**Data for this task:**

____

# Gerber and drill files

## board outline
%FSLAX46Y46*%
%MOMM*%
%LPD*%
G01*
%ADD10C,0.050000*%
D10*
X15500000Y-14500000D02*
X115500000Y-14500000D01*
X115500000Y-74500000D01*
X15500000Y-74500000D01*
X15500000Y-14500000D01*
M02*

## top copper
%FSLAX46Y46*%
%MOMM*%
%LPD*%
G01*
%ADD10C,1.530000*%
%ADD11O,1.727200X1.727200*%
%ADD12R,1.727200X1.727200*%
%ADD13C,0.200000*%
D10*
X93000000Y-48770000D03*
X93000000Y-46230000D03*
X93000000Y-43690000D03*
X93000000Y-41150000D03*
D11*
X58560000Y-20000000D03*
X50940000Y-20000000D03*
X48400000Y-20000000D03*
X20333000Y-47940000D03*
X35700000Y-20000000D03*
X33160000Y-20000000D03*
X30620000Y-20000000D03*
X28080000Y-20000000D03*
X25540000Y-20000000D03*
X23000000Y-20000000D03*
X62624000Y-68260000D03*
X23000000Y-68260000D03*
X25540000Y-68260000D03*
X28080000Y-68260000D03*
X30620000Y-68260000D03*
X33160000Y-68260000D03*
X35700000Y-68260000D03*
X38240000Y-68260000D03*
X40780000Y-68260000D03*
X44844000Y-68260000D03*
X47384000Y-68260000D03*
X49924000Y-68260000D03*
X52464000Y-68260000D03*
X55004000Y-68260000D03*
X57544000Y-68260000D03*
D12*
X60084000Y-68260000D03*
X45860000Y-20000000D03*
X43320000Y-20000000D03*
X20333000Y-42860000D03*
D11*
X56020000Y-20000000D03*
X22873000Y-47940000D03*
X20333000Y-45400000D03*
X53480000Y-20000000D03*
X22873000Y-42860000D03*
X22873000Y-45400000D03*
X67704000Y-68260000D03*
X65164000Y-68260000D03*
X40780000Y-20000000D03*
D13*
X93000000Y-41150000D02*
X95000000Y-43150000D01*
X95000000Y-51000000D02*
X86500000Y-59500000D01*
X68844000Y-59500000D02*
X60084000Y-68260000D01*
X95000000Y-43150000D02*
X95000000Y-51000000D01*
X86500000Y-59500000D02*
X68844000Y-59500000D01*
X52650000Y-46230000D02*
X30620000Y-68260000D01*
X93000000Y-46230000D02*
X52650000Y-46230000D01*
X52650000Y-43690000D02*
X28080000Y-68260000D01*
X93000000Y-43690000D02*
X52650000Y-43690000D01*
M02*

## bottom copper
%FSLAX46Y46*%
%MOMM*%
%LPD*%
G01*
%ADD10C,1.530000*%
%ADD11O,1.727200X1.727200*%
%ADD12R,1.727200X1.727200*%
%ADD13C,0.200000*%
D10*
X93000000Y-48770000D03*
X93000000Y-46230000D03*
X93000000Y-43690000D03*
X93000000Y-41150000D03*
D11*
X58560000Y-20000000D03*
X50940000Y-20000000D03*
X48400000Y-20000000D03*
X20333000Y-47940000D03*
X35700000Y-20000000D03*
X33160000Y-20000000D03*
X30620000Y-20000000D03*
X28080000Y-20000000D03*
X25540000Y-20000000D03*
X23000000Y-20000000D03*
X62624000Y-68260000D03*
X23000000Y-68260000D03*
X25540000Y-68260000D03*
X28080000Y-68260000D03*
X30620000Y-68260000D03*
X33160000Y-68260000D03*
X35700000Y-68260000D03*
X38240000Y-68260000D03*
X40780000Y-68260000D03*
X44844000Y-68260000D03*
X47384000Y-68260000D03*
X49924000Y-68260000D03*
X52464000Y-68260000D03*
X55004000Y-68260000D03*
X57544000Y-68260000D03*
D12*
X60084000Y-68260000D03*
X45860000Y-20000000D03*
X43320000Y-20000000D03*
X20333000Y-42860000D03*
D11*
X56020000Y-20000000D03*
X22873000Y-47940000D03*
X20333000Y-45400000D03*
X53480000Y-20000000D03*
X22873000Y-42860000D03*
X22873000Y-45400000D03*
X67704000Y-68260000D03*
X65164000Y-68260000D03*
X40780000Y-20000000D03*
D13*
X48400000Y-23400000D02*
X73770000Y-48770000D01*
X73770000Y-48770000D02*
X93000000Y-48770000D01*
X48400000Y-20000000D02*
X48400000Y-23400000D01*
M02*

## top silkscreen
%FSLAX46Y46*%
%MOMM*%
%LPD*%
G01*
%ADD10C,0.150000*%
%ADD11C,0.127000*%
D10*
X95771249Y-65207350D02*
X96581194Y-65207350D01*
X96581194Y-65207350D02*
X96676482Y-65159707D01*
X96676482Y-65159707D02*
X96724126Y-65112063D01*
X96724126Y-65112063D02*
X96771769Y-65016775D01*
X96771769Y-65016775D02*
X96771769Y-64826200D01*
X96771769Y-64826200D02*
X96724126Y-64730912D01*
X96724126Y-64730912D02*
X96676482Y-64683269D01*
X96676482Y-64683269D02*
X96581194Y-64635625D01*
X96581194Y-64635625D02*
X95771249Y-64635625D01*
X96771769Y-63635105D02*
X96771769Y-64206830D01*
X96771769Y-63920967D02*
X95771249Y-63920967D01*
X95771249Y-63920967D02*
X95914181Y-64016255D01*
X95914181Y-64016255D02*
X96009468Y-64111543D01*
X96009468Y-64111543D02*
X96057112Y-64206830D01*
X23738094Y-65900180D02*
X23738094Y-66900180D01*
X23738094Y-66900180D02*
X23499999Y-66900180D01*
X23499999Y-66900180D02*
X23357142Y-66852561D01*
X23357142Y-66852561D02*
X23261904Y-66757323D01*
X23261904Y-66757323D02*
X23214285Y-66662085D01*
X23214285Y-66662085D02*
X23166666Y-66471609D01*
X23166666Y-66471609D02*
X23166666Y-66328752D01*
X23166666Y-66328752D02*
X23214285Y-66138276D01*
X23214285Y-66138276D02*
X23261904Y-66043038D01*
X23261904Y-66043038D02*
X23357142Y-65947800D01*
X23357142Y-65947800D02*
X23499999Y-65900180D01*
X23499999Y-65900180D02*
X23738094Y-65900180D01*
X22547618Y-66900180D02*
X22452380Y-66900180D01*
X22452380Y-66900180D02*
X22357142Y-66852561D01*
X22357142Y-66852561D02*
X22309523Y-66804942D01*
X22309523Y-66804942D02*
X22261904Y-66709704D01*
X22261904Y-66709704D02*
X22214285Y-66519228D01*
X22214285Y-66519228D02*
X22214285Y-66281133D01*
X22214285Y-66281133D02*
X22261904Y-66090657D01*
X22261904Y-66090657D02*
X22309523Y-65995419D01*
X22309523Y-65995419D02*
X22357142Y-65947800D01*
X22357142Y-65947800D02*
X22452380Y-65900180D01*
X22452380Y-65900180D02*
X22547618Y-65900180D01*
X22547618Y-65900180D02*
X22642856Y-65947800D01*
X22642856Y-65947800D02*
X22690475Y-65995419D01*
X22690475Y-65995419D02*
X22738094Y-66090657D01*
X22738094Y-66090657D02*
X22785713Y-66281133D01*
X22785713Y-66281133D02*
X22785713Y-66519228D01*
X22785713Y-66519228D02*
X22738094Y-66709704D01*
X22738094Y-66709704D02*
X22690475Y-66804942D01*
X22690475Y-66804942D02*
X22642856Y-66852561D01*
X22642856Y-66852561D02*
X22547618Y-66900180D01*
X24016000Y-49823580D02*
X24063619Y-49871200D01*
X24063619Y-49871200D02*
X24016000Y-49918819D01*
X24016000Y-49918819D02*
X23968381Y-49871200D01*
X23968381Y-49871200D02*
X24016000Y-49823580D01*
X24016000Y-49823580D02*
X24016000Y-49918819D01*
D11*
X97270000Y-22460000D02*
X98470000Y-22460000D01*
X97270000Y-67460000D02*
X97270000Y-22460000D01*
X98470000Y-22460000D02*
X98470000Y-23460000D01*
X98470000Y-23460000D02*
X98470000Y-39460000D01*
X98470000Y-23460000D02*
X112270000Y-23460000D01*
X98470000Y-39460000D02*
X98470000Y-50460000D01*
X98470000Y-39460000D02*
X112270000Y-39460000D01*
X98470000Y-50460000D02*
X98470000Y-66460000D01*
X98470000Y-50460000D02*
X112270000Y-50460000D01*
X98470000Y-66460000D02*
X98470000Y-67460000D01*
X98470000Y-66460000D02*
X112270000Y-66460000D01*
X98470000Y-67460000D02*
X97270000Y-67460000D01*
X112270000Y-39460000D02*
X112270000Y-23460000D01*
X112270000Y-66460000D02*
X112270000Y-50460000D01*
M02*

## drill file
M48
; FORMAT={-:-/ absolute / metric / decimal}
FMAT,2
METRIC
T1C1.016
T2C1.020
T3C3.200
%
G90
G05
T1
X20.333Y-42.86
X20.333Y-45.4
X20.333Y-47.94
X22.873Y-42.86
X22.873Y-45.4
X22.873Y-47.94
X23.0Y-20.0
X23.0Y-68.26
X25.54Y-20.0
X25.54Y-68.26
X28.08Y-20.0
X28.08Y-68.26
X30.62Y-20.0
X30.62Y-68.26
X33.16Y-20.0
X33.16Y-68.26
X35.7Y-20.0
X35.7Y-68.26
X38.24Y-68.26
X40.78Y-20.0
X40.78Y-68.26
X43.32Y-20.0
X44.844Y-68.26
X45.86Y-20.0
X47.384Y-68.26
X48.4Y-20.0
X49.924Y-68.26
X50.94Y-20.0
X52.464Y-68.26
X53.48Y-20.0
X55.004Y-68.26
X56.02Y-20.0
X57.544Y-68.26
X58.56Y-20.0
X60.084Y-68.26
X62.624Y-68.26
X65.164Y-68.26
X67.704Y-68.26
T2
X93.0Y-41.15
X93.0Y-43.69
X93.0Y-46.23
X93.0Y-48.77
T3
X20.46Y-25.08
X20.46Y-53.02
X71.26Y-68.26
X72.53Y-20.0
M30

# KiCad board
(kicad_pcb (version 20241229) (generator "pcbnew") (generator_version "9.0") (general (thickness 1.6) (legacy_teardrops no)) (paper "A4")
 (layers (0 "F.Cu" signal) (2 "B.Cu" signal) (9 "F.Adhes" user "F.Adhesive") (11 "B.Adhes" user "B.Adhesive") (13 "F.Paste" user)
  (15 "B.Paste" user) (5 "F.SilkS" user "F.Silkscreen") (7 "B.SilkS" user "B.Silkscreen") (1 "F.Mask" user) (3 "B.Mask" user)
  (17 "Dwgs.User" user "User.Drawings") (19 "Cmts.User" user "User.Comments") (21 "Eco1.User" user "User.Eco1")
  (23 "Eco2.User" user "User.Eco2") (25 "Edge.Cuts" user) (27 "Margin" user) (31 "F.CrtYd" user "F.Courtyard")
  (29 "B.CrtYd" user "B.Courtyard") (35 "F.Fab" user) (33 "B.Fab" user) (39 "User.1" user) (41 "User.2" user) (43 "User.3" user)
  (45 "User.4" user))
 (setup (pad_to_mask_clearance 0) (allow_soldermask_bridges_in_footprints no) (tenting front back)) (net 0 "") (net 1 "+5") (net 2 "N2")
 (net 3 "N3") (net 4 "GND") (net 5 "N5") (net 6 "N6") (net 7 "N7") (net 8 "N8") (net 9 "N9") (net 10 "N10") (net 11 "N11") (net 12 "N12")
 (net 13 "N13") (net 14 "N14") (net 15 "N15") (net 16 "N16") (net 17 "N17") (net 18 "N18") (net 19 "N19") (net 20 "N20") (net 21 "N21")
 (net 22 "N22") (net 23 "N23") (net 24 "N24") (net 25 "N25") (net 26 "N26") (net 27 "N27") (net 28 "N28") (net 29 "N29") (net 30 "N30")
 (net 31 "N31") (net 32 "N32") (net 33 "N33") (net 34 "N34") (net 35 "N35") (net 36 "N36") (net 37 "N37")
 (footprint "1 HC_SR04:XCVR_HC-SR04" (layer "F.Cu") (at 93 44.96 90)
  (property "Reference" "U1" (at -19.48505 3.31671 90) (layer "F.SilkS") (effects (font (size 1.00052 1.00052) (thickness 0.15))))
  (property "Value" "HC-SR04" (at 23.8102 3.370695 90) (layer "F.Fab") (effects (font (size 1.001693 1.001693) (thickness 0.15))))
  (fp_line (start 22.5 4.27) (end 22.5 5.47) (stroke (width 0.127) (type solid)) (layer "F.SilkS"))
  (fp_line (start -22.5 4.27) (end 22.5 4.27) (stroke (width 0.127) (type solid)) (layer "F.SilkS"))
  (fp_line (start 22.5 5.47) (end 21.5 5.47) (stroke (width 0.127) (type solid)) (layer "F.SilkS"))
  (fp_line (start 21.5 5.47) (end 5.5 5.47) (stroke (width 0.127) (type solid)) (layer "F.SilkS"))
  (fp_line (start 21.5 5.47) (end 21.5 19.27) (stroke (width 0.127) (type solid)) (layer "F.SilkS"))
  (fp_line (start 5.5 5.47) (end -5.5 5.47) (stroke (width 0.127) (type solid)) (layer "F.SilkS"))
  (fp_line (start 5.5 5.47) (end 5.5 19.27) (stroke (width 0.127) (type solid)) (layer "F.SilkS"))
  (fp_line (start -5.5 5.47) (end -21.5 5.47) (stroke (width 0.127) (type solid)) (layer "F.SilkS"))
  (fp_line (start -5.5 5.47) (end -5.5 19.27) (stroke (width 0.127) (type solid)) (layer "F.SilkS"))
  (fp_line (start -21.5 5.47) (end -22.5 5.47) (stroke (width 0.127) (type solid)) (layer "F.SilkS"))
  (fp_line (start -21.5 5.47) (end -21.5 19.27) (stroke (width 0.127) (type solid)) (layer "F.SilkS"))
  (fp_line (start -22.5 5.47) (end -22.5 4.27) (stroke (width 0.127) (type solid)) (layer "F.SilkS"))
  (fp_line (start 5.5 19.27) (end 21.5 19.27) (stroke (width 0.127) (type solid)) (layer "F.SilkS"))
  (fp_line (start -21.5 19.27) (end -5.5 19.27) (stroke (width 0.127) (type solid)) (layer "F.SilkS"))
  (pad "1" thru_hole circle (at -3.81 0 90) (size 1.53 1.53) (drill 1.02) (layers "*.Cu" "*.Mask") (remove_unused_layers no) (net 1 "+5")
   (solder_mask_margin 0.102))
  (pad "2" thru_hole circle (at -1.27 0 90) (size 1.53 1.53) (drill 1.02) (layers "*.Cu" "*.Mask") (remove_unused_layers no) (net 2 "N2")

____

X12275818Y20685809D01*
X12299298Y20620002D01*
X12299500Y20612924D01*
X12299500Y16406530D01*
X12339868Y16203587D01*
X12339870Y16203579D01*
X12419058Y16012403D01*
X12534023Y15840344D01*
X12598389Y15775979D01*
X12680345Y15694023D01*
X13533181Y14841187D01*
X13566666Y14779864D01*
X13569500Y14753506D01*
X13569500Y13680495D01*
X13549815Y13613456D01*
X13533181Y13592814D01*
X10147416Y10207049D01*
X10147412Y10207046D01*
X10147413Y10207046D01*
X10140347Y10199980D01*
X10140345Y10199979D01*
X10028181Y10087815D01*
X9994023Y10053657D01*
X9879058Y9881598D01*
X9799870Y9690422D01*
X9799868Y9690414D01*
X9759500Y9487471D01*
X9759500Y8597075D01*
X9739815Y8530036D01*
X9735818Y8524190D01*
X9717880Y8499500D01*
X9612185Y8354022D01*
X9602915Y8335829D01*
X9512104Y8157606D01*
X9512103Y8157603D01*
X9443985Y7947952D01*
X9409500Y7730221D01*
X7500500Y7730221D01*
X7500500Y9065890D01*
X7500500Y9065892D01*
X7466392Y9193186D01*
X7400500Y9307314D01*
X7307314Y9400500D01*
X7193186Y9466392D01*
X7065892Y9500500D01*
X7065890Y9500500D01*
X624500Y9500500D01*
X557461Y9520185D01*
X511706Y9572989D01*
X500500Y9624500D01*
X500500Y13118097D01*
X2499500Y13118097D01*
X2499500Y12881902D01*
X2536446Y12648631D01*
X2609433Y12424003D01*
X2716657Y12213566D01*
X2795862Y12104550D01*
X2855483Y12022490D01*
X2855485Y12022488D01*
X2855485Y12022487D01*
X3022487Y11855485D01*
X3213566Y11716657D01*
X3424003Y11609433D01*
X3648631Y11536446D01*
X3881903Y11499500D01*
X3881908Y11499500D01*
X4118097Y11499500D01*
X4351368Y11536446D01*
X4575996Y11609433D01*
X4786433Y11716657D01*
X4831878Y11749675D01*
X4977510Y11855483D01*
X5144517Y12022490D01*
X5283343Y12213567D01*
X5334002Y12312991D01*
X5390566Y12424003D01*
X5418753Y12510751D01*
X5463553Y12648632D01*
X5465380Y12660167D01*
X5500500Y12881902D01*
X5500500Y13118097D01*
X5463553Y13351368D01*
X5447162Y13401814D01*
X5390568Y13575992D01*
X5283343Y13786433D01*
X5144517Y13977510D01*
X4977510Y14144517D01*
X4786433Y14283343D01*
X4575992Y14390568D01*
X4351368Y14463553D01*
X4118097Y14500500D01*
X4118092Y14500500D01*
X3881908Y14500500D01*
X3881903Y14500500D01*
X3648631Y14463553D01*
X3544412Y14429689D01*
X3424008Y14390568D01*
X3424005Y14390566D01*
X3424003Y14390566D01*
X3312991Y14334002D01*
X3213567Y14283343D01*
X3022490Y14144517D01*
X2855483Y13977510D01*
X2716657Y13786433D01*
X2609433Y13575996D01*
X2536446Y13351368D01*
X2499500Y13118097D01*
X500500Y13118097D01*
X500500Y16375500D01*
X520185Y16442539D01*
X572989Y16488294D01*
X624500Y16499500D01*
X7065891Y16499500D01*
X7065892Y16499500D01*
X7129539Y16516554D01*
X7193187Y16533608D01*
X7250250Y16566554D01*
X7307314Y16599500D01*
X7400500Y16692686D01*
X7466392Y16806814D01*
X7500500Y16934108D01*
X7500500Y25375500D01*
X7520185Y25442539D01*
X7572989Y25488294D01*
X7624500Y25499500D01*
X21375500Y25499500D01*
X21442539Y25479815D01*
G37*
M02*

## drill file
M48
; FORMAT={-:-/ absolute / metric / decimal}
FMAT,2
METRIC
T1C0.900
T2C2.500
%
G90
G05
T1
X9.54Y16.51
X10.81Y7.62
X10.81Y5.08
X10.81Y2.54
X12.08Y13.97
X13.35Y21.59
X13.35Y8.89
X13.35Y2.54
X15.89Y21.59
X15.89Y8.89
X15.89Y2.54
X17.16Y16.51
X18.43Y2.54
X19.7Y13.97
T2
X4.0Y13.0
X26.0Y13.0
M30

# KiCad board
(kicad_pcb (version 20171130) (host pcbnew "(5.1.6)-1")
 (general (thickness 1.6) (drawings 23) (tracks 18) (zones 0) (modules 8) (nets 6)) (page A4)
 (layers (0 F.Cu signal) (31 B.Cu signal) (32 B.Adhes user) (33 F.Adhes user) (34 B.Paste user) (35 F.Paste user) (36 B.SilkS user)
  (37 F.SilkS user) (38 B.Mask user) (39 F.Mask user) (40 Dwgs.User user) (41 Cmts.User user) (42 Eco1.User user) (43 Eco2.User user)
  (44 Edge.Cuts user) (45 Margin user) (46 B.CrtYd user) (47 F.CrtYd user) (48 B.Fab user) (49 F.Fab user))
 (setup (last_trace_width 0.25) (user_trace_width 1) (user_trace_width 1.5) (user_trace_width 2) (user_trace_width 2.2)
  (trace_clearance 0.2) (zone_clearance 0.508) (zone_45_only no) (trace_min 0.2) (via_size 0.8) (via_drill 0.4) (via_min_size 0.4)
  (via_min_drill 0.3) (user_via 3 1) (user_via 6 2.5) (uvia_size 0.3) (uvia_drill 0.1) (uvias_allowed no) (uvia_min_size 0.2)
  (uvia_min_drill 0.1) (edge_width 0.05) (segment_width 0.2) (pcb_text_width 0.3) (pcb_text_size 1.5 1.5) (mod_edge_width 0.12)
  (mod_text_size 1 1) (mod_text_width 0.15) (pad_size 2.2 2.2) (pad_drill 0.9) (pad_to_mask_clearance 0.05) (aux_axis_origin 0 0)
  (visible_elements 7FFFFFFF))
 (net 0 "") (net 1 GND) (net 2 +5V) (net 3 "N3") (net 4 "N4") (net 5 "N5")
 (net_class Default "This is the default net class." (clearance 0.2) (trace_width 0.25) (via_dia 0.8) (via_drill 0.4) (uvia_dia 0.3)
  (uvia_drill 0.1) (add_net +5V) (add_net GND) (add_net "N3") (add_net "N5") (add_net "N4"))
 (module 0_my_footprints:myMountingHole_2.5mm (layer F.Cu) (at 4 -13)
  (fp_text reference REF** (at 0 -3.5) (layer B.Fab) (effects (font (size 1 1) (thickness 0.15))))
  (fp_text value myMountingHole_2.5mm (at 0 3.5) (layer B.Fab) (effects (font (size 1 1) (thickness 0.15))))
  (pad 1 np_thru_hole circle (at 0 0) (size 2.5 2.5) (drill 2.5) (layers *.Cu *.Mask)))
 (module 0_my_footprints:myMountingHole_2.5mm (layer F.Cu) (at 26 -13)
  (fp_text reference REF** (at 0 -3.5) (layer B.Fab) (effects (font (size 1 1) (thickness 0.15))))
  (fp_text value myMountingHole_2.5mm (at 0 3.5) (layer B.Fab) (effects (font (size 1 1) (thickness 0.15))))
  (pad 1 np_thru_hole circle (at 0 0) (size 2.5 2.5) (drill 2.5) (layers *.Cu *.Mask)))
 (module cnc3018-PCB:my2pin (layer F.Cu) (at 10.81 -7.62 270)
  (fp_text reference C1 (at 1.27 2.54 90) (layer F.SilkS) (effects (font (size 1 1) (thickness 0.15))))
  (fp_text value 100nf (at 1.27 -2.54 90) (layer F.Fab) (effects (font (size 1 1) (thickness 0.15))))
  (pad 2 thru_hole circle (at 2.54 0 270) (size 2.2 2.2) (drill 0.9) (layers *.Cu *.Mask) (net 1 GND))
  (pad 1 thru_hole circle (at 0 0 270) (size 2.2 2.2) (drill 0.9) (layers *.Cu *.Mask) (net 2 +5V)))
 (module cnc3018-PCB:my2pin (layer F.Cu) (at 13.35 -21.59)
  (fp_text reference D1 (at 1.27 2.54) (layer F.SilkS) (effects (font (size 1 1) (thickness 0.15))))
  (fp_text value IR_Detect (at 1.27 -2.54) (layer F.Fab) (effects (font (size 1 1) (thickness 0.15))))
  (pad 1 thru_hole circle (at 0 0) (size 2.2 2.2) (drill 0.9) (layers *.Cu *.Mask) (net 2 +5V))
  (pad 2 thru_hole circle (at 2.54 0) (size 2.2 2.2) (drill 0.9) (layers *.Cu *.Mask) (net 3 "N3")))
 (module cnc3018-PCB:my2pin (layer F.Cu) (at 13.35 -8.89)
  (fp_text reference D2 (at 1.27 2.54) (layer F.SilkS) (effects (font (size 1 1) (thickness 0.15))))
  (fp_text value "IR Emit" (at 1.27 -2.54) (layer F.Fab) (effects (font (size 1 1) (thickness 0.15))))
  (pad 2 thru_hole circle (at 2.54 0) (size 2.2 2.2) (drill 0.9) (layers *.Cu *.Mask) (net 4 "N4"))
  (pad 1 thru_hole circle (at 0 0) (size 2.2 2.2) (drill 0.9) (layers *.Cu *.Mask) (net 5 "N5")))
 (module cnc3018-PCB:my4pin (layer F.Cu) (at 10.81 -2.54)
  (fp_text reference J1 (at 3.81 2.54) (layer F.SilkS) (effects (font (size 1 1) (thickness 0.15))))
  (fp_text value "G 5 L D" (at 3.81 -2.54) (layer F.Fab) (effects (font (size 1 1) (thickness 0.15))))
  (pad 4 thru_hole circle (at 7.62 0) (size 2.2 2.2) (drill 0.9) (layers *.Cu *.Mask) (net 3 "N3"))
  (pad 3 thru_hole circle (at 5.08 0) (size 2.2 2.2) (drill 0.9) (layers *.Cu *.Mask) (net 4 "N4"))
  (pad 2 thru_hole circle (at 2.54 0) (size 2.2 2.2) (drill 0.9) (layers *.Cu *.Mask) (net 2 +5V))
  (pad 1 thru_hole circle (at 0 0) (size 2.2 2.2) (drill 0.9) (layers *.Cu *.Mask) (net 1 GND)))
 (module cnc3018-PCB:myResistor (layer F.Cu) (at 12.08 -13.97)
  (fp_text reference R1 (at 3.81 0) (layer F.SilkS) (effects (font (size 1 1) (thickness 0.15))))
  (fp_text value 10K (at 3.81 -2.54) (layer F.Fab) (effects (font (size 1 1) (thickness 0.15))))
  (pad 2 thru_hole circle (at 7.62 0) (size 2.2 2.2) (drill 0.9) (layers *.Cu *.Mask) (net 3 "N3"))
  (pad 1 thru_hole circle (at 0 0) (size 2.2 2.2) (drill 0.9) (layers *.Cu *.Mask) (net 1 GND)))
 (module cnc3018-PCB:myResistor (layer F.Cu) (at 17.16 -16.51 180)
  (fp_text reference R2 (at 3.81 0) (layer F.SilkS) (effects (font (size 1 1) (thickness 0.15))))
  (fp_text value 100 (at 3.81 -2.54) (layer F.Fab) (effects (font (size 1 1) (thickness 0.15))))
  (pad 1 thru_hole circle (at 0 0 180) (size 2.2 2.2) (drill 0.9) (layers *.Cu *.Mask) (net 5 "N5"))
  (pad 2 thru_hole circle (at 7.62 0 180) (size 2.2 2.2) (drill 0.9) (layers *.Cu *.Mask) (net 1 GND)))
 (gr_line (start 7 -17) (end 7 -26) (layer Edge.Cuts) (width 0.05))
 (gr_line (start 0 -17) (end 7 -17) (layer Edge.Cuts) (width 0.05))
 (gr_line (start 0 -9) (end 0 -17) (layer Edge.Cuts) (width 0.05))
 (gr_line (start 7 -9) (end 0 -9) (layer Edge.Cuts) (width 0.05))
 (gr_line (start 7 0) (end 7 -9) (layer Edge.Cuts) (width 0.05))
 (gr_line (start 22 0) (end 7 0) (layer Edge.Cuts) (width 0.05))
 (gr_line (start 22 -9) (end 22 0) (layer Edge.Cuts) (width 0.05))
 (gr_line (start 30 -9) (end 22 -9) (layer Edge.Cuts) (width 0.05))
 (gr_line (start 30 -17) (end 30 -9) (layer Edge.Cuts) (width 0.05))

____

**Task goal:**
From the material above, set down exactly the lines starting at the one with "X10.81Y2.54" and ending at the one with "(module 0_my_footprints:myMountingHole_2.5mm (layer F.Cu) (at 26", end lines included.

**Written response:**
X10.81Y2.54
X12.08Y13.97
X13.35Y21.59
X13.35Y8.89
X13.35Y2.54
X15.89Y21.59
X15.89Y8.89
X15.89Y2.54
X17.16Y16.51
X18.43Y2.54
X19.7Y13.97
T2
X4.0Y13.0
X26.0Y13.0
M30

# KiCad board
(kicad_pcb (version 20171130) (host pcbnew "(5.1.6)-1")
 (general (thickness 1.6) (drawings 23) (tracks 18) (zones 0) (modules 8) (nets 6)) (page A4)
 (layers (0 F.Cu signal) (31 B.Cu signal) (32 B.Adhes user) (33 F.Adhes user) (34 B.Paste user) (35 F.Paste user) (36 B.SilkS user)
  (37 F.SilkS user) (38 B.Mask user) (39 F.Mask user) (40 Dwgs.User user) (41 Cmts.User user) (42 Eco1.User user) (43 Eco2.User user)
  (44 Edge.Cuts user) (45 Margin user) (46 B.CrtYd user) (47 F.CrtYd user) (48 B.Fab user) (49 F.Fab user))
 (setup (last_trace_width 0.25) (user_trace_width 1) (user_trace_width 1.5) (user_trace_width 2) (user_trace_width 2.2)
  (trace_clearance 0.2) (zone_clearance 0.508) (zone_45_only no) (trace_min 0.2) (via_size 0.8) (via_drill 0.4) (via_min_size 0.4)
  (via_min_drill 0.3) (user_via 3 1) (user_via 6 2.5) (uvia_size 0.3) (uvia_drill 0.1) (uvias_allowed no) (uvia_min_size 0.2)
  (uvia_min_drill 0.1) (edge_width 0.05) (segment_width 0.2) (pcb_text_width 0.3) (pcb_text_size 1.5 1.5) (mod_edge_width 0.12)
  (mod_text_size 1 1) (mod_text_width 0.15) (pad_size 2.2 2.2) (pad_drill 0.9) (pad_to_mask_clearance 0.05) (aux_axis_origin 0 0)
  (visible_elements 7FFFFFFF))
 (net 0 "") (net 1 GND) (net 2 +5V) (net 3 "N3") (net 4 "N4") (net 5 "N5")
 (net_class Default "This is the default net class." (clearance 0.2) (trace_width 0.25) (via_dia 0.8) (via_drill 0.4) (uvia_dia 0.3)
  (uvia_drill 0.1) (add_net +5V) (add_net GND) (add_net "N3") (add_net "N5") (add_net "N4"))
 (module 0_my_footprints:myMountingHole_2.5mm (layer F.Cu) (at 4 -13)
  (fp_text reference REF** (at 0 -3.5) (layer B.Fab) (effects (font (size 1 1) (thickness 0.15))))
  (fp_text value myMountingHole_2.5mm (at 0 3.5) (layer B.Fab) (effects (font (size 1 1) (thickness 0.15))))
  (pad 1 np_thru_hole circle (at 0 0) (size 2.5 2.5) (drill 2.5) (layers *.Cu *.Mask)))
 (module 0_my_footprints:myMountingHole_2.5mm (layer F.Cu) (at 26 -13)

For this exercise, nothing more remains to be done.